MC: Eu fui pra este vale que se chama ShuangQiaoGou (vale de duas pontes) pra escalar gelo. E um local bem famoso pra escalar no gelo. Este vale tem umas das maiores concentrações de (ice falls) no mundo. Acho que so não tem mais do que na Noruega.  As cachoeiras de gelo são bem acessíveis e as caminhas curtas entre 5-20 minutos. Foi eu umas dessas visitas pra escalar em gelo que eu comecei a perguntar a os escaladores da area se alguém já tinha escalado as montanhas da area. Eu aprendi que mais da metade das montanhas eram virgens e que mesmo as montanhas que foram escaladas só foram escaladas uma vez!  A face Oeste do Eagle Peak me impressionou na primeira vez que eu a vi.

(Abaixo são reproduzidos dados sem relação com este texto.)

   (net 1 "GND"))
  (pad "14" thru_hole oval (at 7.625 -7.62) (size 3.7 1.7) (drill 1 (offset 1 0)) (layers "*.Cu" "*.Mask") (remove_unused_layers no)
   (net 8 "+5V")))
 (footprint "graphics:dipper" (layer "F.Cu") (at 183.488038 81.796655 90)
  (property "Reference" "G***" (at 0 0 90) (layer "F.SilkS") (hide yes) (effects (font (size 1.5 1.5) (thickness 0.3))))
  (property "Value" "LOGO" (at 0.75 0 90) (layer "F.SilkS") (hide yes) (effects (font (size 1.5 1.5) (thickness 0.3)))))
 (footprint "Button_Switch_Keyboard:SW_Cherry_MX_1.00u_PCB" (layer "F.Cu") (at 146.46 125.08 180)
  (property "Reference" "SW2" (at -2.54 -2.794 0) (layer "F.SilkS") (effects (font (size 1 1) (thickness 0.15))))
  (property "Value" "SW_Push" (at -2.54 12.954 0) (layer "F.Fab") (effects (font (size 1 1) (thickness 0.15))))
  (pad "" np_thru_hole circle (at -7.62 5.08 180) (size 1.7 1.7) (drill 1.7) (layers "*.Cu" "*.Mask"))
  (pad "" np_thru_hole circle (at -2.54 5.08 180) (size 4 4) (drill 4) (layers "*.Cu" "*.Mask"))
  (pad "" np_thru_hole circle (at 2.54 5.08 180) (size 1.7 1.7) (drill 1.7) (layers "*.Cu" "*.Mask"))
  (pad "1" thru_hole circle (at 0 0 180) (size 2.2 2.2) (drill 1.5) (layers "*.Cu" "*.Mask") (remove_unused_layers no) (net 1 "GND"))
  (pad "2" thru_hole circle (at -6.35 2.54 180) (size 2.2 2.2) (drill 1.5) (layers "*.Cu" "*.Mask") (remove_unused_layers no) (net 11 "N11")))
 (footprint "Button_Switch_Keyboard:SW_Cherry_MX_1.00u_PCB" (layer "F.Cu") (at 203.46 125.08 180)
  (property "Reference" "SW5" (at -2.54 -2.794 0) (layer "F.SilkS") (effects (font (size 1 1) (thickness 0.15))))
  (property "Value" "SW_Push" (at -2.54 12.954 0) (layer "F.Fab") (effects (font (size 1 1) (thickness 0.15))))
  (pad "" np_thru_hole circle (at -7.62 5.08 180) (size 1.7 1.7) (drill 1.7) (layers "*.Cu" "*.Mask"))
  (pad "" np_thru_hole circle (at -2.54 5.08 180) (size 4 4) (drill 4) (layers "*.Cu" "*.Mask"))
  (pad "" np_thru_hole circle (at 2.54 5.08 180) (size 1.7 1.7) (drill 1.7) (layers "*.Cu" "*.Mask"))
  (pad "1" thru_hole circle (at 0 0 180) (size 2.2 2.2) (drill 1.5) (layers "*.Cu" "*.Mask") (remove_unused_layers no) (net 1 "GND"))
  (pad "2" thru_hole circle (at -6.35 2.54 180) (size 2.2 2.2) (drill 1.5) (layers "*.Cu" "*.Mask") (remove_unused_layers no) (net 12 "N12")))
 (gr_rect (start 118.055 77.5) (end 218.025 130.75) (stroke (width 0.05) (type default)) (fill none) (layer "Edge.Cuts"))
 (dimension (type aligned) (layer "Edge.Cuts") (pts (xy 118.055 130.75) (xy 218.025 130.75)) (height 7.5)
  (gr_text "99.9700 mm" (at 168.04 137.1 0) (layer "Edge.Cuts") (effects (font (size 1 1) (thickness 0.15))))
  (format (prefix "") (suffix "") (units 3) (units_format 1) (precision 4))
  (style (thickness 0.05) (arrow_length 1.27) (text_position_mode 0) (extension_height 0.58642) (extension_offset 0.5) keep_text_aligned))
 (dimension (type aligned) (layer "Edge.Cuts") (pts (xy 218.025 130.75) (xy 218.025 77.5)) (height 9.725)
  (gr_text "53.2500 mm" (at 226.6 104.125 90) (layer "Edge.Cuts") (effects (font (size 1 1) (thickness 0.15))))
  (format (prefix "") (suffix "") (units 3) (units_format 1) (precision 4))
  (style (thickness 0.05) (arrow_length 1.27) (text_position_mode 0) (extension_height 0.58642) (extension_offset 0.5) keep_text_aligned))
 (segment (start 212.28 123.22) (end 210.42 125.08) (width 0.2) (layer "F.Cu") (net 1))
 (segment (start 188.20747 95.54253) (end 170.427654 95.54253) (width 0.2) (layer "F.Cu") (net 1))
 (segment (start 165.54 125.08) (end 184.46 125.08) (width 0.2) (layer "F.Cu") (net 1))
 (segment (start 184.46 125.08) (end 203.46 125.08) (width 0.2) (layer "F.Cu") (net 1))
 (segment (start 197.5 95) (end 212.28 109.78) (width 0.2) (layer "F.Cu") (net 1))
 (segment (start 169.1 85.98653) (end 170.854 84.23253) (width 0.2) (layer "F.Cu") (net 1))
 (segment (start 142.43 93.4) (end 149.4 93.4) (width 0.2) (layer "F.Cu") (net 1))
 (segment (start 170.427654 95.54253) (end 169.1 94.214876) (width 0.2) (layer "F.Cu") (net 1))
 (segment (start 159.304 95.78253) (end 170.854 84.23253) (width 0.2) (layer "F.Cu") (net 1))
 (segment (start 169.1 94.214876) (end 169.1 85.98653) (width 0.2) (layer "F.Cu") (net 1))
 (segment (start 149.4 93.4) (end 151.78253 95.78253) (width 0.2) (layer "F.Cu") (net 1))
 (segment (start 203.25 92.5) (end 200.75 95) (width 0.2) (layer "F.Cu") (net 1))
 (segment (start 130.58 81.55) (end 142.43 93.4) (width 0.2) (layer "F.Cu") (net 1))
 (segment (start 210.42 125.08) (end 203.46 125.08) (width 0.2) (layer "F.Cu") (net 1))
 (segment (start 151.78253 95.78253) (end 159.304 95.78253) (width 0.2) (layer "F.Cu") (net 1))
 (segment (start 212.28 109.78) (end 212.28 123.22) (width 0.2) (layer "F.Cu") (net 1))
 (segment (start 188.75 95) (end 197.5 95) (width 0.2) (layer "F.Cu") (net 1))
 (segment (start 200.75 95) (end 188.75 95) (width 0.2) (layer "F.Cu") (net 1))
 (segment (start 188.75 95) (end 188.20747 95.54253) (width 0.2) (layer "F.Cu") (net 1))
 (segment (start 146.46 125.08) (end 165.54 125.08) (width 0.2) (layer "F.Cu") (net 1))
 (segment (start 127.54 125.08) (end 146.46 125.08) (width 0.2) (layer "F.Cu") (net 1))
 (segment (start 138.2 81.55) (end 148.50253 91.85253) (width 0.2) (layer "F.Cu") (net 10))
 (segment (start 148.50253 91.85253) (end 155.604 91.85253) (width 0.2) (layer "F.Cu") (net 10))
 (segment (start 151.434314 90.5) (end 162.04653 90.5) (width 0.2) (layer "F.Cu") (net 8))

Então procurei mais informações no American Alpine Journal e vi que o Eagle Peak foi escalado uma vez mas somente pelo face Leste, que e bem mais curta. A face Oeste (que eu escalei) começa 300 metros mais baixo. O Peak 5180 foi uma decisão de ultimo minuto. Quando escalei o Eagle eu vi uma linha perfeita e que não seria muito difícil no Peak 5180. Como eu estava escalando sozinho e o Peak 5180 era virgem, eu achei que se escalasse bem rápido eu seria capaz de escalar, fazer o cume e descer antes do sol alcançar a face da via. (muito importante pra evitar avalanche nesta area especialmente no Outono) Entao 3 dias depois de ter escalado o Eagle Peak levando somente parafusos de gelo e Crampons consegui escalar o Peak 5180 em 3 horas cobrindo 580 metros verticais. 
 
AM: Como ficou sabendo que seu nome foi indicado ao Piolet D’Or? Qual foi sua reação e de seus colegas?
 
MC: Eu estava em diferentes expedições escalando durante todo o inverno e não abri o meu email ou acessei a internet por um bom tempo. Quando voltei pra casa no fim de fevereiro e vi a lista dos indicados na internet no site alpinist.com e vi que meu nome estava lá. Eu não acreditei porque eu acho que ser indicado é uma grande honra e porque o nível das indicações são bem altas. Os meu amigos que escalam somente rocha não sabiam nem o que era o Piolet D’Or. O meu parceiro de escalada Bruce Normand já foi nomeado algumas vezes e foi o vencedor do prêmio uma vez. Ele me disse que na próxima vez é para vencer e não apenas ser nomeado. 
 
AM: Quais são seus próximos projetos? Pretende continuar vivendo e escalando na China ou tem alguma pretensão de regressar ao Brasil?
 
MC: Eu pretendo continuar vivendo na China. Eu quero ver se consigo escalar muitas montanhas virgens entre 5000 e 6000 mil metros aqui. Ano que vem eu gostaria de visitar o Charakuasa Valley no Paquistão. Também gostaria de melhorar meu nível de escalda em “Dry tooling”. Este ano eu abri duas vias de nível M11 que sao as mais difíceis da China no momento. Gostaria muito de escalar M13 neste inverno!
 
AM: De todos os locais que já viveu e escalou, qual deles é o mais especial para você e por que?
 
MC: Acho que tem muitos lugares maravilhosos pra escalar no mundo. A Patagonia com certeza e um dos meus favoritos, mas eu acho que meu coração está na China no momento. A quantidade de montanhas que existe aqui é incrível. Gostaria muito fazer parte da evolução e estória da escalada aqui.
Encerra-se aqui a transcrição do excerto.